Many countries have borrowed ideas from socialism. The Nordic countries, successful economic countries that continuously score high on the happiness index and have lower crime, have borrowed elements of socialism. Their much-lauded welfare programs are designed to increase an individual’s autonomy, and they have a business system in which privately-owned businesses and workers negotiate wages with the assistance of government mediation.

All countries have elements of socialism. In the United States, we have public schools and a system of welfare. If these institutions are not producing the results we want, it is not the fault of socialism. Socialism merely provided the ideal to which these institutions were intended to ascribe.

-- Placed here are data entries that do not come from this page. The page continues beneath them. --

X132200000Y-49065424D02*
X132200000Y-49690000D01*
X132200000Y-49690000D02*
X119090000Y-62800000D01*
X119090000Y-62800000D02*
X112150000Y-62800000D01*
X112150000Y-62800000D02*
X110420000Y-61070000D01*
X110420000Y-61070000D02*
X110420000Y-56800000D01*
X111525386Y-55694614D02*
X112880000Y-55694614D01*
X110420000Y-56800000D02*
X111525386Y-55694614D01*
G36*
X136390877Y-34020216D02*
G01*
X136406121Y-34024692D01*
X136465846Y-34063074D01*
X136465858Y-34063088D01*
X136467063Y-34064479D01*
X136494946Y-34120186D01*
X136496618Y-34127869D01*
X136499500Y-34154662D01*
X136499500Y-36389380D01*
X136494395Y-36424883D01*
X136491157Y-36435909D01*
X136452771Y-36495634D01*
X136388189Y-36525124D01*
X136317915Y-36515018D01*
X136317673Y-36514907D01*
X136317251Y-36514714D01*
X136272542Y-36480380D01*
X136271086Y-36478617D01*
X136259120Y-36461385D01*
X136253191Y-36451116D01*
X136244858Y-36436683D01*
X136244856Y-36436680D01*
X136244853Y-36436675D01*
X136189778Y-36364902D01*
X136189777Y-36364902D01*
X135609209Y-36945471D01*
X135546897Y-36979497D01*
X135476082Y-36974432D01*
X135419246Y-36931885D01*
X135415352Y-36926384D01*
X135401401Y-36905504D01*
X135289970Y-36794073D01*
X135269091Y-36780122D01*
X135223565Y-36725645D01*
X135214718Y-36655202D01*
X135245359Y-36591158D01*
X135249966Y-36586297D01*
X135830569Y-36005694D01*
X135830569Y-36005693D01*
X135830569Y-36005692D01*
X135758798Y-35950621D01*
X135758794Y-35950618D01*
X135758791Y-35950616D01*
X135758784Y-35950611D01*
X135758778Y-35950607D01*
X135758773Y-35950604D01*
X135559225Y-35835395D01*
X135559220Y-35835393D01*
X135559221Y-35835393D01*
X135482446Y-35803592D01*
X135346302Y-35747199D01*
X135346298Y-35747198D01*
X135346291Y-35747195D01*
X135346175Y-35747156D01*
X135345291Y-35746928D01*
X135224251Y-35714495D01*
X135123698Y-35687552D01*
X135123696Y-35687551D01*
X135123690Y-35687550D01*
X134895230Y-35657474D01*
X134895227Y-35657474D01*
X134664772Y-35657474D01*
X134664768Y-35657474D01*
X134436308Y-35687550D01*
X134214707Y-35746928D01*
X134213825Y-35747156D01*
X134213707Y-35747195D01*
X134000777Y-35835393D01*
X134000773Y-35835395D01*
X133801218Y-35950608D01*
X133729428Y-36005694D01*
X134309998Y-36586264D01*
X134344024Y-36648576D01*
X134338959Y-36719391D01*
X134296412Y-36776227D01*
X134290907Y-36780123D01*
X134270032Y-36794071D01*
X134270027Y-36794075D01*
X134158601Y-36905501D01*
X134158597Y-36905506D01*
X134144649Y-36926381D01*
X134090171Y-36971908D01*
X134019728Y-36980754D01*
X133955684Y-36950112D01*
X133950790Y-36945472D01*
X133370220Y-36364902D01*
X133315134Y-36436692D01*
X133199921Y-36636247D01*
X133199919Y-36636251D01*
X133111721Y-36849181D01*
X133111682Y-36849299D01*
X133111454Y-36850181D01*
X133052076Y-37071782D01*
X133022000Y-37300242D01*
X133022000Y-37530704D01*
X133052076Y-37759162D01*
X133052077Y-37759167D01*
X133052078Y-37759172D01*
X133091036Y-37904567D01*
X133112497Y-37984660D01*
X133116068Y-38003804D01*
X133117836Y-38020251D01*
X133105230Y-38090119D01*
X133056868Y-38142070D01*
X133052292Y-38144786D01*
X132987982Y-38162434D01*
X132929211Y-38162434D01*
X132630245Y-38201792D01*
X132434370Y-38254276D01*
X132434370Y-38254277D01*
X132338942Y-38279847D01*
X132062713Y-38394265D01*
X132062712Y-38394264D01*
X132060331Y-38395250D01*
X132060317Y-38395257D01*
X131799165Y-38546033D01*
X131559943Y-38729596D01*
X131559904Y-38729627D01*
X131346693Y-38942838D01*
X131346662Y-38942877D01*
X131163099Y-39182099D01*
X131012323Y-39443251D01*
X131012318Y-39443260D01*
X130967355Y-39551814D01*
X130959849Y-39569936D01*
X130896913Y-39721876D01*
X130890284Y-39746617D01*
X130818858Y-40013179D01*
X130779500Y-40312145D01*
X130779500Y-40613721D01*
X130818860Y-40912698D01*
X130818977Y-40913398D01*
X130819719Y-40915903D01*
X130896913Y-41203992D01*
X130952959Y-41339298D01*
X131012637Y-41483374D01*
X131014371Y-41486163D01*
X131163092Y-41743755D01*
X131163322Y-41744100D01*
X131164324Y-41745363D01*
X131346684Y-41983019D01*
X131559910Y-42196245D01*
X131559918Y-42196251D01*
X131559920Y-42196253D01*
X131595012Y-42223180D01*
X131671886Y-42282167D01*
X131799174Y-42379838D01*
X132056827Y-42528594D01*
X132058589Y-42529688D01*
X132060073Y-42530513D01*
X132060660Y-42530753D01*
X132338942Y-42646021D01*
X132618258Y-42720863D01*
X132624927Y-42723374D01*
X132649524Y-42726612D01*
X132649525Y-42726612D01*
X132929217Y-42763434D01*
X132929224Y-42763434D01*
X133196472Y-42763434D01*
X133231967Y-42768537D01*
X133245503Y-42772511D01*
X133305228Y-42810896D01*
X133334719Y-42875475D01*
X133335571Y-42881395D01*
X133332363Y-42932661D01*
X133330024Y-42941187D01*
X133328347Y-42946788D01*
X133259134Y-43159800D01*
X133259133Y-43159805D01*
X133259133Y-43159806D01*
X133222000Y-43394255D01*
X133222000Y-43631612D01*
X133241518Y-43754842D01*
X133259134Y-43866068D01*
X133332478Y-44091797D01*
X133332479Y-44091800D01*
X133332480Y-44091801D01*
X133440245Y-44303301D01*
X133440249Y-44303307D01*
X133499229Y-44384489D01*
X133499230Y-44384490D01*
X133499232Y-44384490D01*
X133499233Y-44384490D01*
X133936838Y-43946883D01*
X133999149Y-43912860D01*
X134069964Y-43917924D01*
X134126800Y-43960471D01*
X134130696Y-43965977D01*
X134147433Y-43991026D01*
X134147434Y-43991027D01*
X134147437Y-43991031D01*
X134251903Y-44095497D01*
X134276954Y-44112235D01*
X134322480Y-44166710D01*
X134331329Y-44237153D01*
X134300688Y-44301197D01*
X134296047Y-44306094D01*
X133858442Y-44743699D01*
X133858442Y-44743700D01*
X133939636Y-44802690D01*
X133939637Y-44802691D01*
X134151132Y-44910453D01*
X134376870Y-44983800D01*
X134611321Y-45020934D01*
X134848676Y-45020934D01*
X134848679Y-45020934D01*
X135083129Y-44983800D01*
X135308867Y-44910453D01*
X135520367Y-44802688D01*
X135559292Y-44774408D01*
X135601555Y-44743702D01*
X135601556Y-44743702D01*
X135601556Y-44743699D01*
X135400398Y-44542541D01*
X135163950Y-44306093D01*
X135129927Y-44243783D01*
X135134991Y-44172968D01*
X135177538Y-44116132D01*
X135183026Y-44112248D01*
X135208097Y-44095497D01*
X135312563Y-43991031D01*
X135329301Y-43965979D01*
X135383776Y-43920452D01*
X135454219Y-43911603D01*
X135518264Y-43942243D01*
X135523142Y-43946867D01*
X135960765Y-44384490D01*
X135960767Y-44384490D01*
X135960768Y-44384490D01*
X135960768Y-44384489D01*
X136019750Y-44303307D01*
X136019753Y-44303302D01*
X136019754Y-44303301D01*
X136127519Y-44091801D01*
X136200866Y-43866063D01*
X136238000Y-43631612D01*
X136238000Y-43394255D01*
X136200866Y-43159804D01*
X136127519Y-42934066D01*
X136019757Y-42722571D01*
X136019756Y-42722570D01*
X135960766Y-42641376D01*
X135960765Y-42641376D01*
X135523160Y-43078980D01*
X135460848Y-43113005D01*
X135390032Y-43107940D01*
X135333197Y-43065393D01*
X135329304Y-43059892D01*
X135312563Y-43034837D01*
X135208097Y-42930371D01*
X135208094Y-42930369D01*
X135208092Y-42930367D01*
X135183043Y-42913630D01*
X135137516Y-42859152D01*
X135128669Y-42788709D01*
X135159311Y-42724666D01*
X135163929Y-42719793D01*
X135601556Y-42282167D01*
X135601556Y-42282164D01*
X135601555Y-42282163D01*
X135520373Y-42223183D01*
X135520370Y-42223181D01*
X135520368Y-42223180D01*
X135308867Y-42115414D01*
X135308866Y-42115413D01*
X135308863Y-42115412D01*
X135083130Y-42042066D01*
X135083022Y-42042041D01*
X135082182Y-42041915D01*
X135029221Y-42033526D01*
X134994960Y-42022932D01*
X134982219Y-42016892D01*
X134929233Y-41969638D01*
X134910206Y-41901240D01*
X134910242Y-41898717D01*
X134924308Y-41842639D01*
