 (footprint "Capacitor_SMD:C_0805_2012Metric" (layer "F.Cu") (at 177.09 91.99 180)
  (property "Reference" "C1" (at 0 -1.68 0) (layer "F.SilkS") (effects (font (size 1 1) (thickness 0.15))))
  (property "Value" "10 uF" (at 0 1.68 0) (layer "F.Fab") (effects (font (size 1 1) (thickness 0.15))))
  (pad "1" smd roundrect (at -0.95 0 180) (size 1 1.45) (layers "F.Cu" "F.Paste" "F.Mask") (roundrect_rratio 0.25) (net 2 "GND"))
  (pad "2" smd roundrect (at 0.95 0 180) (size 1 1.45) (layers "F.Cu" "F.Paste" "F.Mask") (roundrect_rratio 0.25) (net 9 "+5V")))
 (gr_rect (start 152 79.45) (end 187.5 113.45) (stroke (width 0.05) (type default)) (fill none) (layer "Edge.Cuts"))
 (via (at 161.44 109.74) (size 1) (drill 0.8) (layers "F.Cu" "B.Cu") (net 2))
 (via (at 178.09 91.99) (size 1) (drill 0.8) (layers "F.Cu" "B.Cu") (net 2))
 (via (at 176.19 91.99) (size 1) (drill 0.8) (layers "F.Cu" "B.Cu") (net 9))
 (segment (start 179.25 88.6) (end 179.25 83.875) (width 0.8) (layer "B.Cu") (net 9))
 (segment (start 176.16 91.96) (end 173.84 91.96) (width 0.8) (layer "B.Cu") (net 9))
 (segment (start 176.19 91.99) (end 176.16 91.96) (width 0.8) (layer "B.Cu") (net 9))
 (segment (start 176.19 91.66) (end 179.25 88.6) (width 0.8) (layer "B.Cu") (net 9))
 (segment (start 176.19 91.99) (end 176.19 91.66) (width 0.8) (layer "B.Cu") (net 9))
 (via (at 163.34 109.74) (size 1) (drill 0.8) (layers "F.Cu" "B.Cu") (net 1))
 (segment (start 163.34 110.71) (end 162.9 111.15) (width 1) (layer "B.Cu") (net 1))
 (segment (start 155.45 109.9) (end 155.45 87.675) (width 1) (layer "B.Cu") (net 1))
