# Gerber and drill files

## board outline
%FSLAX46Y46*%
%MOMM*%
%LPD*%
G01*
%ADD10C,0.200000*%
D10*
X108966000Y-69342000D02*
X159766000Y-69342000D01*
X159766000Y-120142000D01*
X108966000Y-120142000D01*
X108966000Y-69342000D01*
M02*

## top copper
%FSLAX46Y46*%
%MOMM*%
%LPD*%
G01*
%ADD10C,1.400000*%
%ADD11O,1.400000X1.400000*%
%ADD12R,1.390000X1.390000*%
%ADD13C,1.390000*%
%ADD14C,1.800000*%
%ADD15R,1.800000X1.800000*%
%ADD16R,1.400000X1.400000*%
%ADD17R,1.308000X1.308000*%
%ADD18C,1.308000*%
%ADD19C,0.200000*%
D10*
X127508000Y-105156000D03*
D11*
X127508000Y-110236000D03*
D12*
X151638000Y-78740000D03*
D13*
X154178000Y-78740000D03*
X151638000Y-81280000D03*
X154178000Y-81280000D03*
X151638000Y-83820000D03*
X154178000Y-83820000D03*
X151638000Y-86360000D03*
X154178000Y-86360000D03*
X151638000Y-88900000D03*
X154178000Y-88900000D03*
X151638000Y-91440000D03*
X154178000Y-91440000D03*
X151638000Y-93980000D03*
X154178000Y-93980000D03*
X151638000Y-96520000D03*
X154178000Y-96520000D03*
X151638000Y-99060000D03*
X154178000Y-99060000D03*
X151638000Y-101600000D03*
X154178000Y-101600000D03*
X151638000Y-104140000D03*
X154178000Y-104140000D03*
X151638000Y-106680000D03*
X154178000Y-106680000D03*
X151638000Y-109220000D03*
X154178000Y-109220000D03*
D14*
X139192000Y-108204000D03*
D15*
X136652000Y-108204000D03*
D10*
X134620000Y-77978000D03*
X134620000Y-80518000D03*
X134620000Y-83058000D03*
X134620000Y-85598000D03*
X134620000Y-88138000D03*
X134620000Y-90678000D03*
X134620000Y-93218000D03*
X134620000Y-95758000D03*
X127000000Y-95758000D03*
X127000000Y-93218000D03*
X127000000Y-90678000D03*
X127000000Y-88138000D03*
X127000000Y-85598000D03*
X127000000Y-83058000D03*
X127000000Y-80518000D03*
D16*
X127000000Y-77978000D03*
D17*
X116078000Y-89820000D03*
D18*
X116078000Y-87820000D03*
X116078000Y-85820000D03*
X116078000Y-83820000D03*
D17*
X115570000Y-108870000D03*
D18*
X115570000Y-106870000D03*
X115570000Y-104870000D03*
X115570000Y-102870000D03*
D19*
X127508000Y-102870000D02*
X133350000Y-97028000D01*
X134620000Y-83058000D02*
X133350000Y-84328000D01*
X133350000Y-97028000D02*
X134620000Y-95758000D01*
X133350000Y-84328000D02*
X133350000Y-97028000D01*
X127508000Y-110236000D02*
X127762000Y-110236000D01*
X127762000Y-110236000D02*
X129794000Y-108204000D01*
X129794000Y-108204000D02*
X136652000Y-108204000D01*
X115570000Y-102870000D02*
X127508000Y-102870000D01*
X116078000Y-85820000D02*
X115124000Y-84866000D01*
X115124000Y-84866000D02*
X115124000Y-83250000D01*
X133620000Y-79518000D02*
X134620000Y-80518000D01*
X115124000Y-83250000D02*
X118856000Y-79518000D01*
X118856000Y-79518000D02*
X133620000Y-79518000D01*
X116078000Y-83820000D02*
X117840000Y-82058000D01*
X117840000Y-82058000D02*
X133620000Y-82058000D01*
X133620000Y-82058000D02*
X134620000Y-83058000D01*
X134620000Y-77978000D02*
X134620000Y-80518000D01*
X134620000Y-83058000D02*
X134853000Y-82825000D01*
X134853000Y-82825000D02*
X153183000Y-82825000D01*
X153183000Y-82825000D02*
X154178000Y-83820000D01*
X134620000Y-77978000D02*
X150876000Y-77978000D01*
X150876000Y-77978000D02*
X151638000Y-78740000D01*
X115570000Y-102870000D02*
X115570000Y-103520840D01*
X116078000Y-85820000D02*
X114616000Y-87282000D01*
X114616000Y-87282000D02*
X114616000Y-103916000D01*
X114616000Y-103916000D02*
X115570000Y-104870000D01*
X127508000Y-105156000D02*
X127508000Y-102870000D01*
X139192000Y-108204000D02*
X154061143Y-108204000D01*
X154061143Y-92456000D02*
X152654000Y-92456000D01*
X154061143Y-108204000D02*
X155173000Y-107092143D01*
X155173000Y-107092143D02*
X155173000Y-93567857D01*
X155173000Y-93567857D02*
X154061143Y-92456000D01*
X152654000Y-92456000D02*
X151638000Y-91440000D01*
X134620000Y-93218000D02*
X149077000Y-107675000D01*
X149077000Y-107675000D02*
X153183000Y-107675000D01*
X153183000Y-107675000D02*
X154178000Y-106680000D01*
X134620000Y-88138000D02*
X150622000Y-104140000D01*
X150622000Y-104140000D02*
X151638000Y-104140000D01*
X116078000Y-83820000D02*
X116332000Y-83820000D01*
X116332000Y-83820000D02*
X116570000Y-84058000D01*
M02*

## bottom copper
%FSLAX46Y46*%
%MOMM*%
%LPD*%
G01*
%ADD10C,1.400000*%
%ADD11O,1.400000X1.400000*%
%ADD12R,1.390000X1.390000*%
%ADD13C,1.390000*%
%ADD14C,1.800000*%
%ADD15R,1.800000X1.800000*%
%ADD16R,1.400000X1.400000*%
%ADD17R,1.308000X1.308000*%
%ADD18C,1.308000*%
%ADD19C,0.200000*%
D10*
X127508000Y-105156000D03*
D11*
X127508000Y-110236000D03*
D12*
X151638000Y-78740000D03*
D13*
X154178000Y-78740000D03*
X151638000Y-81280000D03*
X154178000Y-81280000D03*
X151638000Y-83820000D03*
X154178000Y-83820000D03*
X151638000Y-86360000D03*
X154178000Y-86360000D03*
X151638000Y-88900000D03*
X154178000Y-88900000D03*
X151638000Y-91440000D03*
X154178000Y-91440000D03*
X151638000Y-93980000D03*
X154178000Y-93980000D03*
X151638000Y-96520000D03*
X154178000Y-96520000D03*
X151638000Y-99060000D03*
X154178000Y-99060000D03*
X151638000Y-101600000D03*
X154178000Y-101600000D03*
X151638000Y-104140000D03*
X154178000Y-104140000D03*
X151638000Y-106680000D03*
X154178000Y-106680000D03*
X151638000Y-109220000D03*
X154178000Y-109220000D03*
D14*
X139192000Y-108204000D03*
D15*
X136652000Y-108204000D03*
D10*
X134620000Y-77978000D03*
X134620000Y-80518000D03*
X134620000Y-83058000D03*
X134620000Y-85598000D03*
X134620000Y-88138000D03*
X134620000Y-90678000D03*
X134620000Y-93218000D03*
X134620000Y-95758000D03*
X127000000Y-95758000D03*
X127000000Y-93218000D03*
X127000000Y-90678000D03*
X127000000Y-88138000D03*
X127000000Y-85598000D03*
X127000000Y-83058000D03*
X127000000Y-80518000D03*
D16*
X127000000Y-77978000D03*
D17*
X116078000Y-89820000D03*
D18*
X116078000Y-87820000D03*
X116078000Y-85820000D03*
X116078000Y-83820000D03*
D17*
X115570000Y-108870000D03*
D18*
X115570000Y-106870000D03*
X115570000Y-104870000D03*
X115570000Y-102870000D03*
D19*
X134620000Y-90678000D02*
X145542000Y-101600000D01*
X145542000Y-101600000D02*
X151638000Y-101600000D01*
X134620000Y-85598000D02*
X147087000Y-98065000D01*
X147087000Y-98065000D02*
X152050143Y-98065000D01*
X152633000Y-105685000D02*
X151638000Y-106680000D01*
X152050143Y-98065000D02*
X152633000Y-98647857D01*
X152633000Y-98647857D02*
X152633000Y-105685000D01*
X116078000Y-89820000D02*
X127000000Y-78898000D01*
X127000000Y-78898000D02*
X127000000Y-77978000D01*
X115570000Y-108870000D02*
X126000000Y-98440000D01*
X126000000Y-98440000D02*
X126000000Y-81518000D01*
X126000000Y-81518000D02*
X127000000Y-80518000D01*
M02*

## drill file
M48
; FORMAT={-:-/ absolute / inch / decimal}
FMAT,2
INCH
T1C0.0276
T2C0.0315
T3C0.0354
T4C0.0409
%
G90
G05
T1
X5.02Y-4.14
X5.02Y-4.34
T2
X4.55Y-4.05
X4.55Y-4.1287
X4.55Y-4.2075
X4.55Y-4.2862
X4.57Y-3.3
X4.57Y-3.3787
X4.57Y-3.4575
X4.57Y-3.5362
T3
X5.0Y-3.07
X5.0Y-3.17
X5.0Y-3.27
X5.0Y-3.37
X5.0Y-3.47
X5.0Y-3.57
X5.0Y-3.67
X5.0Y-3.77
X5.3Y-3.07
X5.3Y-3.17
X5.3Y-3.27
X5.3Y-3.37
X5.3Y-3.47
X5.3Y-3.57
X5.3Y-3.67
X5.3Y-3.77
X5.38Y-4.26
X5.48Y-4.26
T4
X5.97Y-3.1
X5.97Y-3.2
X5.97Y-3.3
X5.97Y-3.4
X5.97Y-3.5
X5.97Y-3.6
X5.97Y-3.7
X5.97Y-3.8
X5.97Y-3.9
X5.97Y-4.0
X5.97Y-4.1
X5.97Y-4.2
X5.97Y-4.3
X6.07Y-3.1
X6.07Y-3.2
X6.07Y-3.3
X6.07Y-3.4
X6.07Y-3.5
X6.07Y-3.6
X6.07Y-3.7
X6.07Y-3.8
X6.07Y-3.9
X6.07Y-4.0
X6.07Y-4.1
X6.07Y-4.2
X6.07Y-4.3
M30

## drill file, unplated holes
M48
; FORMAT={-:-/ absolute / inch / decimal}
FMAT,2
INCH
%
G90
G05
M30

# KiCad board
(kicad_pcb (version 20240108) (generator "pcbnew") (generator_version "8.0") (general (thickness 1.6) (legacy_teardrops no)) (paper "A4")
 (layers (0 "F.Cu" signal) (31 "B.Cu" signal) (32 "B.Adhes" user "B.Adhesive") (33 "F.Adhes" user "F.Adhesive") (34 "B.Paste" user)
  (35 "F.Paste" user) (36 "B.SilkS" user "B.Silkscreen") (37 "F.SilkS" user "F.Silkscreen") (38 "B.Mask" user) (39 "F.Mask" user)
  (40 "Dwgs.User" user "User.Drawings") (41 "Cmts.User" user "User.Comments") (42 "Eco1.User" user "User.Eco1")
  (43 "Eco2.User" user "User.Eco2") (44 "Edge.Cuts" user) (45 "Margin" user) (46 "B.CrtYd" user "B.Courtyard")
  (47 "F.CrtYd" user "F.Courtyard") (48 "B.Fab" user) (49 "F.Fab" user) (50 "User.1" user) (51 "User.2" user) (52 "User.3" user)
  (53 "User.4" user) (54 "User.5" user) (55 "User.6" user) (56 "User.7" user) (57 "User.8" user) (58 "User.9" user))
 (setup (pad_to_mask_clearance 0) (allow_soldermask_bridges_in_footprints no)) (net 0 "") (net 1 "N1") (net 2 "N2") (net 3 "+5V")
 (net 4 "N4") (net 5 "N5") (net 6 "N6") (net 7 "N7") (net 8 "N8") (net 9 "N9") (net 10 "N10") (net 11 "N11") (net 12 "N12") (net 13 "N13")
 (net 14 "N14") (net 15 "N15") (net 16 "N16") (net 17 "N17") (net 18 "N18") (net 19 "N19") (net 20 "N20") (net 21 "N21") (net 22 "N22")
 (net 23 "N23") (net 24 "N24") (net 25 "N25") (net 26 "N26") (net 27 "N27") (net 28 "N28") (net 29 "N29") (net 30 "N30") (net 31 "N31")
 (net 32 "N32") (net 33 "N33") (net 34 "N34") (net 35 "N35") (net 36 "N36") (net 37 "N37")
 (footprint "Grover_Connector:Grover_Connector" (layer "F.Cu") (at 115.57 105.87 90)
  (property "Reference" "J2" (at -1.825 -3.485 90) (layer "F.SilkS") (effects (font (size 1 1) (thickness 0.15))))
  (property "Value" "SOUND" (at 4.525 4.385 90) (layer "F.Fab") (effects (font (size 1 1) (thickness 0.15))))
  (pad "1" thru_hole rect (at -3 0 90) (size 1.308 1.308) (drill 0.8) (layers "*.Cu" "*.Mask") (remove_unused_layers no) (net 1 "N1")
   (solder_mask_margin 0.102))
  (pad "2" thru_hole circle (at -1 0 90) (size 1.308 1.308) (drill 0.8) (layers "*.Cu" "*.Mask") (remove_unused_layers no) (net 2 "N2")
   (solder_mask_margin 0.102))
  (pad "3" thru_hole circle (at 1 0 90) (size 1.308 1.308) (drill 0.8) (layers "*.Cu" "*.Mask") (remove_unused_layers no) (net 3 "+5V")
   (solder_mask_margin 0.102))
  (pad "4" thru_hole circle (at 3 0 90) (size 1.308 1.308) (drill 0.8) (layers "*.Cu" "*.Mask") (remove_unused_layers no) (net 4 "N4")
   (solder_mask_margin 0.102)))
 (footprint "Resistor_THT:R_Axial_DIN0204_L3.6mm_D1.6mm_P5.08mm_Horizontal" (layer "F.Cu") (at 127.508 105.156 -90)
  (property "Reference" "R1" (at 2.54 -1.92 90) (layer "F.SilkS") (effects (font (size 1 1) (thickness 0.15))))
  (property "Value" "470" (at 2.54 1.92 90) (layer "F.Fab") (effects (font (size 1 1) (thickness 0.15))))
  (pad "1" thru_hole circle (at 0 0 270) (size 1.4 1.4) (drill 0.7) (layers "*.Cu" "*.Mask") (remove_unused_layers no) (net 4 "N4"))
  (pad "2" thru_hole oval (at 5.08 0 270) (size 1.4 1.4) (drill 0.7) (layers "*.Cu" "*.Mask") (remove_unused_layers no) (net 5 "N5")))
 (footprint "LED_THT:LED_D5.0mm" (layer "F.Cu") (at 136.652 108.204)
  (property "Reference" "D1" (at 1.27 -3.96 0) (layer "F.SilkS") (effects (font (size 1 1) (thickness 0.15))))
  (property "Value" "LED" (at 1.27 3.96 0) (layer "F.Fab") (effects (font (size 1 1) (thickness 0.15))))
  (pad "1" thru_hole rect (at 0 0) (size 1.8 1.8) (drill 0.9) (layers "*.Cu" "*.Mask") (remove_unused_layers no) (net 5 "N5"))
  (pad "2" thru_hole circle (at 2.54 0) (size 1.8 1.8) (drill 0.9) (layers "*.Cu" "*.Mask") (remove_unused_layers no) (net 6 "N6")))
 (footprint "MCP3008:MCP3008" (layer "F.Cu") (at 130.81 86.868 -90)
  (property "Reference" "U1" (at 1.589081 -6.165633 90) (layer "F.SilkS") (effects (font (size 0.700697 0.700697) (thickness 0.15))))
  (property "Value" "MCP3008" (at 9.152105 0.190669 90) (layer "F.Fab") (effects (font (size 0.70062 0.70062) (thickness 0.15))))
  (pad "1" thru_hole rect (at -8.89 3.81 270) (size 1.4 1.4) (drill 0.9) (layers "*.Cu" "*.Mask") (remove_unused_layers no) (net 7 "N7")
   (solder_mask_margin 0.102))
  (pad "2" thru_hole circle (at -6.35 3.81 270) (size 1.4 1.4) (drill 0.9) (layers "*.Cu" "*.Mask") (remove_unused_layers no) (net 1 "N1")
   (solder_mask_margin 0.102))
  (pad "3" thru_hole circle (at -3.81 3.81 270) (size 1.4 1.4) (drill 0.9) (layers "*.Cu" "*.Mask") (remove_unused_layers no) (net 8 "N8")
   (solder_mask_margin 0.102))
  (pad "4" thru_hole circle (at -1.27 3.81 270) (size 1.4 1.4) (drill 0.9) (layers "*.Cu" "*.Mask") (remove_unused_layers no) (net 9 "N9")
   (solder_mask_margin 0.102))
  (pad "5" thru_hole circle (at 1.27 3.81 270) (size 1.4 1.4) (drill 0.9) (layers "*.Cu" "*.Mask") (remove_unused_layers no) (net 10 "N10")
   (solder_mask_margin 0.102))
  (pad "6" thru_hole circle (at 3.81 3.81 270) (size 1.4 1.4) (drill 0.9) (layers "*.Cu" "*.Mask") (remove_unused_layers no) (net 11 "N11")
   (solder_mask_margin 0.102))
  (pad "7" thru_hole circle (at 6.35 3.81 270) (size 1.4 1.4) (drill 0.9) (layers "*.Cu" "*.Mask") (remove_unused_layers no) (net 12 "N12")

I am not a socialist by any stretch, but there are ideas in socialism that should be examined. For example, health care should not be dependent upon what an individual can pay. At the same time, health care professionals need to be reasonably compensated in recognition of the years of training and skill they require. The question becomes: How does one enact such a system without breaking the bank? Free education is a wonderful idea, but again, how do we pay for it?

Unfortunately, we cannot even begin to discuss new innovations in how services are provided because anyone, particularly Democrats, who suggests that we adopt new approaches that require the government and the private sector to work together is labeled a socialist. The biggest finger-pointer-in-chief is Donald Trump, and sadly, our electorate gets caught up in his rhetoric without listening to the idea.

The only democratic socialist on the national stage is Alexandra Ocasio-Cortez (I don’t count Bernie Sanders because the only time he claims to be a Democrat is when he wants to run for president). Yet all Democrats are being painted with the socialist brush. I think AOC is inexperienced and naïve, and I disagree with her application of economics, but she has started a discussion.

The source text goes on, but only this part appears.